Defense of Children International-Palestine
Access to advanced training for professionals, including medical professionals is severely hampered by Israel’s refusal to grant exit permits in a timely manner to students who have been accepted into academic programs abroad. An engineering student nearly lost his full scholarship because of unnecessary delays in the processing of his application and he was only allowed to travel at the last minute after court decisions in his favor. Up to the minute medicine is not possible in the West Bank and Gaza unless medical personnel have free access to advanced training and conferences abroad.
Gisha – Legal Center for Freedom of Movement
Israeli Supreme Court backs Health Ministry move to shutter mother-infant clinic, leaving residents from two Haifa-area villages without access to pre- and postnatal care.

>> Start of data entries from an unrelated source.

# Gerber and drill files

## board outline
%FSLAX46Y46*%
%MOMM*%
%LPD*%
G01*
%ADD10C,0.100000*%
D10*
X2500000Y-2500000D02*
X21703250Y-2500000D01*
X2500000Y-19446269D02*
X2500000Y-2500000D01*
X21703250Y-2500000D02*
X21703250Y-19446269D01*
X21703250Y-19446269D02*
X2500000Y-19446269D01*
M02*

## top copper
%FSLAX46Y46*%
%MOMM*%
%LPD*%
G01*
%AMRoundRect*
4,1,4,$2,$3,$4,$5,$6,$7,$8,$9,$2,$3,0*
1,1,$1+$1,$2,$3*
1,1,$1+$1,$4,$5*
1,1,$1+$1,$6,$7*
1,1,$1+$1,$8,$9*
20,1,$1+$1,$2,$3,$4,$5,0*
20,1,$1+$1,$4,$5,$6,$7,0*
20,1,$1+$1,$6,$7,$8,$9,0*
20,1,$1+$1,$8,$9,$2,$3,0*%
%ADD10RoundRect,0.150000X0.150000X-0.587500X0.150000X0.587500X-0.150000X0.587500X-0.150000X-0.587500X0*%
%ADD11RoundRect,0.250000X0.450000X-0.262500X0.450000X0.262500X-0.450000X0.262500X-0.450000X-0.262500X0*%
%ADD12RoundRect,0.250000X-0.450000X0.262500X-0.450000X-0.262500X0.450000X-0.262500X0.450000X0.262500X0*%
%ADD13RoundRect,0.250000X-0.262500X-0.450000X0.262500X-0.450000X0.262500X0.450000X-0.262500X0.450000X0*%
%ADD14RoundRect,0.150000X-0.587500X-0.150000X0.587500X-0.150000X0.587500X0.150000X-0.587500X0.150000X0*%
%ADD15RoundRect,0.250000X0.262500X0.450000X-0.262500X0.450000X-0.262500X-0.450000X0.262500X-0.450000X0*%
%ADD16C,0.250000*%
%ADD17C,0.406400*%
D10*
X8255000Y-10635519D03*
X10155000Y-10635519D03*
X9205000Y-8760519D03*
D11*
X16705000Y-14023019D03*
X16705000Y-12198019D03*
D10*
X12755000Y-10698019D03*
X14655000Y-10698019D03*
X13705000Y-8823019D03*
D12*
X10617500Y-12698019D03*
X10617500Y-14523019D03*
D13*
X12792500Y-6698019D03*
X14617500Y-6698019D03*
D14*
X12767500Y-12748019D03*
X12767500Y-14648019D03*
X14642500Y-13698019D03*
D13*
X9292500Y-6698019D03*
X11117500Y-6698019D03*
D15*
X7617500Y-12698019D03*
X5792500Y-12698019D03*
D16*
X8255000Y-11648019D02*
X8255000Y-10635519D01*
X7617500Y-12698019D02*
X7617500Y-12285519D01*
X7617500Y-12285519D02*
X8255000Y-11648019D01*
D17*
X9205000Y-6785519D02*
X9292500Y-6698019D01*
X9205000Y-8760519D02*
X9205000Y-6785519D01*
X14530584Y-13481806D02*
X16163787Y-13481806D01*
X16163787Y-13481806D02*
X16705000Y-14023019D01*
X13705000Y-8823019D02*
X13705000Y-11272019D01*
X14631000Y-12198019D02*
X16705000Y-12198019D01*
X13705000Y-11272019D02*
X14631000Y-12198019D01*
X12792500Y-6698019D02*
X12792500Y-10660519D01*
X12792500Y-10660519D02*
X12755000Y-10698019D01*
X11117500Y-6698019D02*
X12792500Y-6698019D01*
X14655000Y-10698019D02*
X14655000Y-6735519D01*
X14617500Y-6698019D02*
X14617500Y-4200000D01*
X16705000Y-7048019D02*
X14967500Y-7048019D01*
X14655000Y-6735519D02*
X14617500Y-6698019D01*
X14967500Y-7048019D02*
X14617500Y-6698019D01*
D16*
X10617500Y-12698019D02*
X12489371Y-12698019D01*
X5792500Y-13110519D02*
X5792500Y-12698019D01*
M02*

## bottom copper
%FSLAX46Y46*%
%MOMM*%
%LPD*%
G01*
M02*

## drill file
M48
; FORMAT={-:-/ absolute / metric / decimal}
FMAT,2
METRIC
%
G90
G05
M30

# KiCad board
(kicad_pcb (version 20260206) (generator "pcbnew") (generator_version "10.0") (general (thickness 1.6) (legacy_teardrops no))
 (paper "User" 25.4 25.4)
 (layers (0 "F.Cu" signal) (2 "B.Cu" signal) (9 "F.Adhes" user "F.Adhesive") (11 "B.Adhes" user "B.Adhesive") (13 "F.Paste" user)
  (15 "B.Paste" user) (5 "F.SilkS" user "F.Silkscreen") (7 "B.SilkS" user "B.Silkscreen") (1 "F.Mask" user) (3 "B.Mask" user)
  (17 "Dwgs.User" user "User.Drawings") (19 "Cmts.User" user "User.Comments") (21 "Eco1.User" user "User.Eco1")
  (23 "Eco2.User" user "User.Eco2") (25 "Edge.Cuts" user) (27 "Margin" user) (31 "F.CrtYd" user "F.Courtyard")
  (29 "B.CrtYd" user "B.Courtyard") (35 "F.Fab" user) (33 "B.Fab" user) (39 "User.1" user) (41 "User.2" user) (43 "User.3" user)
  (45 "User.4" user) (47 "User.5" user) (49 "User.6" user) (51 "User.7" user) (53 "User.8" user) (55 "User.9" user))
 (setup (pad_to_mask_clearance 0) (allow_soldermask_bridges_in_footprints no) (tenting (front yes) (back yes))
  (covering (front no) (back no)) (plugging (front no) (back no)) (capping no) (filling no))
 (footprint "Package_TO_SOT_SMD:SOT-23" (layer "F.Cu") (at 9.205 9.698019 90)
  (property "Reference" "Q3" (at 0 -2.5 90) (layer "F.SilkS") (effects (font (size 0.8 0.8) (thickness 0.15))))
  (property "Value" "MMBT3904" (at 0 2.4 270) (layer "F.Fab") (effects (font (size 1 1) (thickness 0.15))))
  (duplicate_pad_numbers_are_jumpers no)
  (pad "1" smd roundrect (at -0.9375 -0.95 90) (size 1.475 0.6) (layers "F.Cu" "F.Mask" "F.Paste") (roundrect_rratio 0.25)
   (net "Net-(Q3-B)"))
  (pad "2" smd roundrect (at -0.9375 0.95 90) (size 1.475 0.6) (layers "F.Cu" "F.Mask" "F.Paste") (roundrect_rratio 0.25) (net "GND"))
  (pad "3" smd roundrect (at 0.9375 0 90) (size 1.475 0.6) (layers "F.Cu" "F.Mask" "F.Paste") (roundrect_rratio 0.25) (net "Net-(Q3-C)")))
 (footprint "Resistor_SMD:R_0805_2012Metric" (layer "F.Cu") (at 16.705 13.110519 90)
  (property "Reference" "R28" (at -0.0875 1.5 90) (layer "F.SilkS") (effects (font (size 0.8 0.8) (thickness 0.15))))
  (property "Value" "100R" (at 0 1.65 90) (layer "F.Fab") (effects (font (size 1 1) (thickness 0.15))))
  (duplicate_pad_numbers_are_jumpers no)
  (pad "1" smd roundrect (at -0.9125 0 90) (size 1.025 1.4) (layers "F.Cu" "F.Mask" "F.Paste") (roundrect_rratio 0.243902439)
   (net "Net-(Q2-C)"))
  (pad "2" smd roundrect (at 0.9125 0 90) (size 1.025 1.4) (layers "F.Cu" "F.Mask" "F.Paste") (roundrect_rratio 0.243902439) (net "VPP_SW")))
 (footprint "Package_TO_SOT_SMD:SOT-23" (layer "F.Cu") (at 13.705 9.760519 90)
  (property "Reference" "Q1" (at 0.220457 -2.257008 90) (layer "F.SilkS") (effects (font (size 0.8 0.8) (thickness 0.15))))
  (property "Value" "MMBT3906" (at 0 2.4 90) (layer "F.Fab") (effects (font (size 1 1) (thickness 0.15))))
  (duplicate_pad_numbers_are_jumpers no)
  (pad "1" smd roundrect (at -0.9375 -0.95 90) (size 1.475 0.6) (layers "F.Cu" "F.Mask" "F.Paste") (roundrect_rratio 0.25)
   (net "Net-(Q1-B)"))
  (pad "2" smd roundrect (at -0.9375 0.95 90) (size 1.475 0.6) (layers "F.Cu" "F.Mask" "F.Paste") (roundrect_rratio 0.25) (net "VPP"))
  (pad "3" smd roundrect (at 0.9375 0 90) (size 1.475 0.6) (layers "F.Cu" "F.Mask" "F.Paste") (roundrect_rratio 0.25) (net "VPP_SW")))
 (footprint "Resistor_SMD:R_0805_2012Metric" (layer "F.Cu") (at 10.6175 13.610519 -90)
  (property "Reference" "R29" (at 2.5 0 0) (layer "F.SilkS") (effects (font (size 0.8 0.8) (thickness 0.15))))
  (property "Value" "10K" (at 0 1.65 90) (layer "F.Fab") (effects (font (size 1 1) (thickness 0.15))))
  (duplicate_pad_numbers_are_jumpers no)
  (pad "1" smd roundrect (at -0.9125 0 270) (size 1.025 1.4) (layers "F.Cu" "F.Mask" "F.Paste") (roundrect_rratio 0.243902439)
   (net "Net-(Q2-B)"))
  (pad "2" smd roundrect (at 0.9125 0 270) (size 1.025 1.4) (layers "F.Cu" "F.Mask" "F.Paste") (roundrect_rratio 0.243902439)
   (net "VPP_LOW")))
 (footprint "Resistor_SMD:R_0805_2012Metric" (layer "F.Cu") (at 13.705 6.698019)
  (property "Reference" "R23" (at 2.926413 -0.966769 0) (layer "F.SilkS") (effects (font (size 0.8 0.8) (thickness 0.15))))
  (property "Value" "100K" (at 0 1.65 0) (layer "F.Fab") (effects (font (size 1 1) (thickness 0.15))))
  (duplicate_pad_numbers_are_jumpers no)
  (pad "1" smd roundrect (at -0.9125 0) (size 1.025 1.4) (layers "F.Cu" "F.Mask" "F.Paste") (roundrect_rratio 0.243902439)
   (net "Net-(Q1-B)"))
  (pad "2" smd roundrect (at 0.9125 0) (size 1.025 1.4) (layers "F.Cu" "F.Mask" "F.Paste") (roundrect_rratio 0.243902439) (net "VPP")))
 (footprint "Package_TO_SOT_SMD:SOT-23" (layer "F.Cu") (at 13.705 13.698019)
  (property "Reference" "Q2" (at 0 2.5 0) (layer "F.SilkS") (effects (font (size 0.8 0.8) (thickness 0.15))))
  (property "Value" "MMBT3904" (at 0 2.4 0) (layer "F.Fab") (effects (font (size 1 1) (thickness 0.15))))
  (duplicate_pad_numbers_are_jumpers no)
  (pad "1" smd roundrect (at -0.9375 -0.95) (size 1.475 0.6) (layers "F.Cu" "F.Mask" "F.Paste") (roundrect_rratio 0.25) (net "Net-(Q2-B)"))
  (pad "2" smd roundrect (at -0.9375 0.95) (size 1.475 0.6) (layers "F.Cu" "F.Mask" "F.Paste") (roundrect_rratio 0.25) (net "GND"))
  (pad "3" smd roundrect (at 0.9375 0) (size 1.475 0.6) (layers "F.Cu" "F.Mask" "F.Paste") (roundrect_rratio 0.25) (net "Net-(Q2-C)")))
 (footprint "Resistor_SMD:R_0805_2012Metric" (layer "F.Cu") (at 10.205 6.698019)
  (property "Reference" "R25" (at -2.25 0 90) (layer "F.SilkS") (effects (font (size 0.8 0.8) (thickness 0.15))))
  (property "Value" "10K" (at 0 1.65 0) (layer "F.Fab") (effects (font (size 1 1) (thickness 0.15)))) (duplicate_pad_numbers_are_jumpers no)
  (pad "1" smd roundrect (at -0.9125 0) (size 1.025 1.4) (layers "F.Cu" "F.Mask" "F.Paste") (roundrect_rratio 0.243902439)
   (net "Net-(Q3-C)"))
  (pad "2" smd roundrect (at 0.9125 0) (size 1.025 1.4) (layers "F.Cu" "F.Mask" "F.Paste") (roundrect_rratio 0.243902439) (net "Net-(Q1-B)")))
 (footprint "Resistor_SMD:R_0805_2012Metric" (layer "F.Cu") (at 6.705 12.698019 180)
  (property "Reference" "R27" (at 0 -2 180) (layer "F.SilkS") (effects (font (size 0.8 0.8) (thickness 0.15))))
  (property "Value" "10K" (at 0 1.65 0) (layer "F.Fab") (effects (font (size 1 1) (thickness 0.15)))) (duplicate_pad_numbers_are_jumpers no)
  (pad "1" smd roundrect (at -0.9125 0 180) (size 1.025 1.4) (layers "F.Cu" "F.Mask" "F.Paste") (roundrect_rratio 0.243902439)
   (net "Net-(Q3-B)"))
  (pad "2" smd roundrect (at 0.9125 0 180) (size 1.025 1.4) (layers "F.Cu" "F.Mask" "F.Paste") (roundrect_rratio 0.243902439)
   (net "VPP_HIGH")))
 (gr_line (start 2.5 2.5) (end 21.70325 2.5) (stroke (width 0.1) (type default)) (layer "Edge.Cuts"))
 (gr_line (start 2.5 19.446269) (end 2.5 2.5) (stroke (width 0.1) (type default)) (layer "Edge.Cuts"))
 (gr_line (start 21.70325 2.5) (end 21.70325 19.446269) (stroke (width 0.1) (type default)) (layer "Edge.Cuts"))
 (gr_line (start 21.70325 19.446269) (end 2.5 19.446269) (stroke (width 0.1) (type default)) (layer "Edge.Cuts"))
 (segment (start 8.255 11.648019) (end 8.255 10.635519) (width 0.25) (layer "F.Cu") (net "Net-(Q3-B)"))
 (segment (start 7.6175 12.698019) (end 7.6175 12.285519) (width 0.25) (layer "F.Cu") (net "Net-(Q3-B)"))
 (segment (start 7.6175 12.285519) (end 8.255 11.648019) (width 0.25) (layer "F.Cu") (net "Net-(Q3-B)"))
 (segment (start 9.205 6.785519) (end 9.2925 6.698019) (width 0.4064) (layer "F.Cu") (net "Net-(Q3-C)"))
 (segment (start 9.205 8.760519) (end 9.205 6.785519) (width 0.4064) (layer "F.Cu") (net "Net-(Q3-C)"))
 (segment (start 14.530584 13.481806) (end 16.163787 13.481806) (width 0.4064) (layer "F.Cu") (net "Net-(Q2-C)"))
 (segment (start 16.163787 13.481806) (end 16.705 14.023019) (width 0.4064) (layer "F.Cu") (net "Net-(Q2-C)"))
 (segment (start 13.705 8.823019) (end 13.705 11.272019) (width 0.4064) (layer "F.Cu") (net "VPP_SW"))
 (segment (start 14.631 12.198019) (end 16.705 12.198019) (width 0.4064) (layer "F.Cu") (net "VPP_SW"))
 (segment (start 13.705 11.272019) (end 14.631 12.198019) (width 0.4064) (layer "F.Cu") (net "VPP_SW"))
 (segment (start 12.7925 6.698019) (end 12.7925 10.660519) (width 0.4064) (layer "F.Cu") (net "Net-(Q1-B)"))
 (segment (start 12.7925 10.660519) (end 12.755 10.698019) (width 0.4064) (layer "F.Cu") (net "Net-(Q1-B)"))
 (segment (start 11.1175 6.698019) (end 12.7925 6.698019) (width 0.4064) (layer "F.Cu") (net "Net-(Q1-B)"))
 (segment (start 14.655 10.698019) (end 14.655 6.735519) (width 0.4064) (layer "F.Cu") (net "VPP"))
 (segment (start 14.6175 6.698019) (end 14.6175 4.2) (width 0.4064) (layer "F.Cu") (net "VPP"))
 (segment (start 16.705 7.048019) (end 14.9675 7.048019) (width 0.4064) (layer "F.Cu") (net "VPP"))
 (segment (start 14.655 6.735519) (end 14.6175 6.698019) (width 0.4064) (layer "F.Cu") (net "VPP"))
 (segment (start 14.9675 7.048019) (end 14.6175 6.698019) (width 0.4064) (layer "F.Cu") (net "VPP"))
 (segment (start 10.6175 12.698019) (end 12.489371 12.698019) (width 0.25) (layer "F.Cu") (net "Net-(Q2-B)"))
 (segment (start 5.7925 13.110519) (end 5.7925 12.698019) (width 0.25) (layer "F.Cu") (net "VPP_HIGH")))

B’Tselem called the demolition and displacement of Palestinian villages ‘war crimes,’ and stressed the role of international pressure in changing Israeli policy in the West Bank. This change in language occurred in response to the heightened threats to the villages of Khan al-Ahmer and Susya. This is of particular importance because the International Criminal Court prosecutor is conducting a preliminary examination into Israel’s actions in the occupied territories, specifically including its settlements and forcible population transfer among other alleged crimes.
+972
Israel underwent the third Universal Periodic Review of its human rights record at the UN Human Rights Council in Geneva. During the interactive dialogue, states had the opportunity to raise issues of concern and make recommendations for action to ensure that the State of Israel promotes and protects human rights both inside its borders and in the occupied Palestinian territory.
Medical Aid for Palestinians
Palestinian mental health professionals who are citizens of Israel and Israeli members of Psychoactive protest holding international mental health conference in Israel in 2019.